▶ Your task
Only the lines from the beginning of the data below through the line that contains "X157480000Y-104140000D01*" should be repeated, exactly as written.

↓

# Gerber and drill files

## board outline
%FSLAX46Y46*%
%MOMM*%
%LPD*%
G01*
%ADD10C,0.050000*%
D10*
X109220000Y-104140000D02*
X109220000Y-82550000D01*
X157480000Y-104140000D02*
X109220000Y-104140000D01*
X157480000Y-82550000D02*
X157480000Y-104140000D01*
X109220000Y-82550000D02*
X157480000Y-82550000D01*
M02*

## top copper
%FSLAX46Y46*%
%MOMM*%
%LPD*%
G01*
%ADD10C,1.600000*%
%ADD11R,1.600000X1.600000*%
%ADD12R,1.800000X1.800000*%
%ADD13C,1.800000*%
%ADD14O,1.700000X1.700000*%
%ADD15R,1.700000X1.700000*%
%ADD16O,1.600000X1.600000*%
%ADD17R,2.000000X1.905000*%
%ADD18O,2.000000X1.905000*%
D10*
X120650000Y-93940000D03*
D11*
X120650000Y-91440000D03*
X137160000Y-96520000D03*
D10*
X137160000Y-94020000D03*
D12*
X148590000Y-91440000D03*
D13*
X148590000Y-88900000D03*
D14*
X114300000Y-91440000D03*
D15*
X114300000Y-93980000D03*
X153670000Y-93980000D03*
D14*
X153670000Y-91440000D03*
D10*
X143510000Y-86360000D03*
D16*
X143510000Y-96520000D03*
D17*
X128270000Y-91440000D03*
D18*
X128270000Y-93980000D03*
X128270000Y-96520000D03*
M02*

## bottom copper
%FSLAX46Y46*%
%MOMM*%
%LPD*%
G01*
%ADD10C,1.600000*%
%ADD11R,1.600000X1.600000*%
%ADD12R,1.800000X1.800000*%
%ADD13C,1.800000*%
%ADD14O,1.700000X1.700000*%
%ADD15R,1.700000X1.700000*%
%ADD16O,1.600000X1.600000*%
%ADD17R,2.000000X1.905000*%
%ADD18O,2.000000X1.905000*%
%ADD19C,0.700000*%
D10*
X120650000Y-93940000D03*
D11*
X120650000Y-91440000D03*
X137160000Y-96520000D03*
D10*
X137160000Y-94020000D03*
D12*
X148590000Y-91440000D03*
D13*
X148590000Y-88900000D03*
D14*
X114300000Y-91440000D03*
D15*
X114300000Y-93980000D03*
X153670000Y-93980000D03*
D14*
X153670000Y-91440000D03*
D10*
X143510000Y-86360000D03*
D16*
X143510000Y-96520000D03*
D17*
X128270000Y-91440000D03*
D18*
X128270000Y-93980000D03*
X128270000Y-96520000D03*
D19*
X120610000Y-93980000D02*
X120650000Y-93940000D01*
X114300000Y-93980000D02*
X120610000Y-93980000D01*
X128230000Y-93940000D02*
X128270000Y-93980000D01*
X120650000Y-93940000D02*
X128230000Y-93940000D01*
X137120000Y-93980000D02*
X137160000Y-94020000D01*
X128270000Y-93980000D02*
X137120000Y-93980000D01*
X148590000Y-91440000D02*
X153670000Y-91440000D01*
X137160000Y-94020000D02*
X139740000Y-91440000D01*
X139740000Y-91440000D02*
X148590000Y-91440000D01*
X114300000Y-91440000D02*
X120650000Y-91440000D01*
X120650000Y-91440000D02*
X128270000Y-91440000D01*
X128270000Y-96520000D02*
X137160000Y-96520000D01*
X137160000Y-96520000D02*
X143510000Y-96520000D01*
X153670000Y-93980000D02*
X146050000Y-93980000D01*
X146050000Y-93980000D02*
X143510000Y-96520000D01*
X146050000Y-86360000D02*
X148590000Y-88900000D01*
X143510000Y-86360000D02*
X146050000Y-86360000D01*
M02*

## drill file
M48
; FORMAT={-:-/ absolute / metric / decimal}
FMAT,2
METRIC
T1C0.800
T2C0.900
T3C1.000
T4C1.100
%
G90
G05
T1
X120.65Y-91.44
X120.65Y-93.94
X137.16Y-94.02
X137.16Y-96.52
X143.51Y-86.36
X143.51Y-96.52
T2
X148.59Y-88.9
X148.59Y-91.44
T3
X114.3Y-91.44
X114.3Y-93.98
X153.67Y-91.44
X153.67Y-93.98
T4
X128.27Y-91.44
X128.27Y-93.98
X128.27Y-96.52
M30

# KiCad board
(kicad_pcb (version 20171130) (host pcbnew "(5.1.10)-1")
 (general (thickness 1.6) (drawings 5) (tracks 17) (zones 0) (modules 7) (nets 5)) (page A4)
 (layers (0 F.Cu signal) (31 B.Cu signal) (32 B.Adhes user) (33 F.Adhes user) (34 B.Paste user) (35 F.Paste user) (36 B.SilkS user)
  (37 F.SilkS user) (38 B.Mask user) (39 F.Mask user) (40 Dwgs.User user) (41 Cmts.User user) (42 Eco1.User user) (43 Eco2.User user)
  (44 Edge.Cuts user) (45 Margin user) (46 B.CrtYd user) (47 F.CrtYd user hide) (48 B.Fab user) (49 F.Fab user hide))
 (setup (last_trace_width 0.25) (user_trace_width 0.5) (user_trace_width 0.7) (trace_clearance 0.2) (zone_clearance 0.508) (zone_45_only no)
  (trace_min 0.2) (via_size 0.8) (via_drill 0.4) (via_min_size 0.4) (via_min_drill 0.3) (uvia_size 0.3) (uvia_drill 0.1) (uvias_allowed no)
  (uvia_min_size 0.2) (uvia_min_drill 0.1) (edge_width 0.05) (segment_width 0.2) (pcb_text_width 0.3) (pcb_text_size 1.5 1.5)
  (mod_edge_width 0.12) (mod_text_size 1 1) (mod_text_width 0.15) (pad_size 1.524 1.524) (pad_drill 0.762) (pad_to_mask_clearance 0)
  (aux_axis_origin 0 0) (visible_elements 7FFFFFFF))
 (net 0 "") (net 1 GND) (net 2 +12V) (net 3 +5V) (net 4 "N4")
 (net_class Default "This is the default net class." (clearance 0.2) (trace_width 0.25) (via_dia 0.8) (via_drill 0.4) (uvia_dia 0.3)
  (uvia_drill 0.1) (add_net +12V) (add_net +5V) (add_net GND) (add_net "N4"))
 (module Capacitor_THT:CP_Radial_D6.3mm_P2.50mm (layer F.Cu) (at 120.65 91.44 270)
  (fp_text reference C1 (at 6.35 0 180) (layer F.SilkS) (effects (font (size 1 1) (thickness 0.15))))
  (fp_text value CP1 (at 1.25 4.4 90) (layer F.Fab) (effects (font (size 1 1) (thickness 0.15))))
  (pad 2 thru_hole circle (at 2.5 0 270) (size 1.6 1.6) (drill 0.8) (layers *.Cu *.Mask) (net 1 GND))
  (pad 1 thru_hole rect (at 0 0 270) (size 1.6 1.6) (drill 0.8) (layers *.Cu *.Mask) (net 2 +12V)))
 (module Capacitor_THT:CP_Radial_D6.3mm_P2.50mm (layer F.Cu) (at 137.16 96.52 90)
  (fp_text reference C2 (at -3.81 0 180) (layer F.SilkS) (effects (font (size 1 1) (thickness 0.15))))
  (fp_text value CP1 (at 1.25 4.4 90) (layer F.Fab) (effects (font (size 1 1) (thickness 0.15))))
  (pad 1 thru_hole rect (at 0 0 90) (size 1.6 1.6) (drill 0.8) (layers *.Cu *.Mask) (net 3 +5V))
  (pad 2 thru_hole circle (at 2.5 0 90) (size 1.6 1.6) (drill 0.8) (layers *.Cu *.Mask) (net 1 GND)))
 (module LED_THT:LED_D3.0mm (layer F.Cu) (at 148.59 91.44 90)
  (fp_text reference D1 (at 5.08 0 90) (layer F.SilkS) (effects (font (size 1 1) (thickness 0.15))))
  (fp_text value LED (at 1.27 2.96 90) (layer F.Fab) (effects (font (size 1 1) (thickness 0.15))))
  (pad 1 thru_hole rect (at 0 0 90) (size 1.8 1.8) (drill 0.9) (layers *.Cu *.Mask) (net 1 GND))
  (pad 2 thru_hole circle (at 2.54 0 90) (size 1.8 1.8) (drill 0.9) (layers *.Cu *.Mask) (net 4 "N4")))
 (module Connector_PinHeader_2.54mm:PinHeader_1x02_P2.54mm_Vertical (layer F.Cu) (at 114.3 93.98 180)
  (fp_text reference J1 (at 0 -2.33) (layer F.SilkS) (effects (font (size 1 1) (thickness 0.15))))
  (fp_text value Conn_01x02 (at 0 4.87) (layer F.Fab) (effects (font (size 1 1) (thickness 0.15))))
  (pad 2 thru_hole oval (at 0 2.54 180) (size 1.7 1.7) (drill 1) (layers *.Cu *.Mask) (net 2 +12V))
  (pad 1 thru_hole rect (at 0 0 180) (size 1.7 1.7) (drill 1) (layers *.Cu *.Mask) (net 1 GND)))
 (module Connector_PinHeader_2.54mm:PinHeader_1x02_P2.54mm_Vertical (layer F.Cu) (at 153.67 93.98 180)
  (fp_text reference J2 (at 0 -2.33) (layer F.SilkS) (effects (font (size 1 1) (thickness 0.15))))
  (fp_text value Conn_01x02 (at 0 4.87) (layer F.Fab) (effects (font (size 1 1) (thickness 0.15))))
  (pad 1 thru_hole rect (at 0 0 180) (size 1.7 1.7) (drill 1) (layers *.Cu *.Mask) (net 3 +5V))
  (pad 2 thru_hole oval (at 0 2.54 180) (size 1.7 1.7) (drill 1) (layers *.Cu *.Mask) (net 1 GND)))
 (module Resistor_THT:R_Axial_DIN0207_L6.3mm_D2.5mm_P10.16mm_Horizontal (layer F.Cu) (at 143.51 86.36 270)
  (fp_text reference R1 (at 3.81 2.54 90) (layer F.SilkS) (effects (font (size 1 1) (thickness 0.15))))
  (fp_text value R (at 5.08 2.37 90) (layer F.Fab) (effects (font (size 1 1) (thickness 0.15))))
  (pad 1 thru_hole circle (at 0 0 270) (size 1.6 1.6) (drill 0.8) (layers *.Cu *.Mask) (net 4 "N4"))
  (pad 2 thru_hole oval (at 10.16 0 270) (size 1.6 1.6) (drill 0.8) (layers *.Cu *.Mask) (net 3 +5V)))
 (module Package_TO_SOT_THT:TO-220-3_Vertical (layer F.Cu) (at 128.27 91.44 270)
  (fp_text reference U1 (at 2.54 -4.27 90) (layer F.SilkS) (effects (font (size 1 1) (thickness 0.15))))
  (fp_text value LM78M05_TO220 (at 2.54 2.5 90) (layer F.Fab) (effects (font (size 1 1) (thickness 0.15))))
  (pad 1 thru_hole rect (at 0 0 270) (size 1.905 2) (drill 1.1) (layers *.Cu *.Mask) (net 2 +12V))
  (pad 2 thru_hole oval (at 2.54 0 270) (size 1.905 2) (drill 1.1) (layers *.Cu *.Mask) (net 1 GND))
  (pad 3 thru_hole oval (at 5.08 0 270) (size 1.905 2) (drill 1.1) (layers *.Cu *.Mask) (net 3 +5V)))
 (gr_line (start 109.22 104.14) (end 109.22 82.55) (layer Edge.Cuts) (width 0.05))
 (gr_line (start 157.48 104.14) (end 109.22 104.14) (layer Edge.Cuts) (width 0.05))
 (gr_line (start 157.48 82.55) (end 157.48 104.14) (layer Edge.Cuts) (width 0.05))
 (gr_line (start 109.22 82.55) (end 157.48 82.55) (layer Edge.Cuts) (width 0.05))
 (segment (start 120.61 93.98) (end 120.65 93.94) (width 0.7) (layer B.Cu) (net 1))
 (segment (start 114.3 93.98) (end 120.61 93.98) (width 0.7) (layer B.Cu) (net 1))
 (segment (start 128.23 93.94) (end 128.27 93.98) (width 0.7) (layer B.Cu) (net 1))
 (segment (start 120.65 93.94) (end 128.23 93.94) (width 0.7) (layer B.Cu) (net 1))
 (segment (start 137.12 93.98) (end 137.16 94.02) (width 0.7) (layer B.Cu) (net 1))
 (segment (start 128.27 93.98) (end 137.12 93.98) (width 0.7) (layer B.Cu) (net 1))
 (segment (start 148.59 91.44) (end 153.67 91.44) (width 0.7) (layer B.Cu) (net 1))
 (segment (start 137.16 94.02) (end 139.74 91.44) (width 0.7) (layer B.Cu) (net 1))
 (segment (start 139.74 91.44) (end 148.59 91.44) (width 0.7) (layer B.Cu) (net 1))
 (segment (start 114.3 91.44) (end 120.65 91.44) (width 0.7) (layer B.Cu) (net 2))
 (segment (start 120.65 91.44) (end 128.27 91.44) (width 0.7) (layer B.Cu) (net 2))
 (segment (start 128.27 96.52) (end 137.16 96.52) (width 0.7) (layer B.Cu) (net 3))
 (segment (start 137.16 96.52) (end 143.51 96.52) (width 0.7) (layer B.Cu) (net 3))
 (segment (start 153.67 93.98) (end 146.05 93.98) (width 0.7) (layer B.Cu) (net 3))
 (segment (start 146.05 93.98) (end 143.51 96.52) (width 0.7) (layer B.Cu) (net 3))
 (segment (start 146.05 86.36) (end 148.59 88.9) (width 0.7) (layer B.Cu) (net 4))
 (segment (start 143.51 86.36) (end 146.05 86.36) (width 0.7) (layer B.Cu) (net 4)))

↑

▶ Your response
# Gerber and drill files

## board outline
%FSLAX46Y46*%
%MOMM*%
%LPD*%
G01*
%ADD10C,0.050000*%
D10*
X109220000Y-104140000D02*
X109220000Y-82550000D01*
X157480000Y-104140000D02*
X109220000Y-104140000D01*
X157480000Y-82550000D02*
X157480000Y-104140000D01*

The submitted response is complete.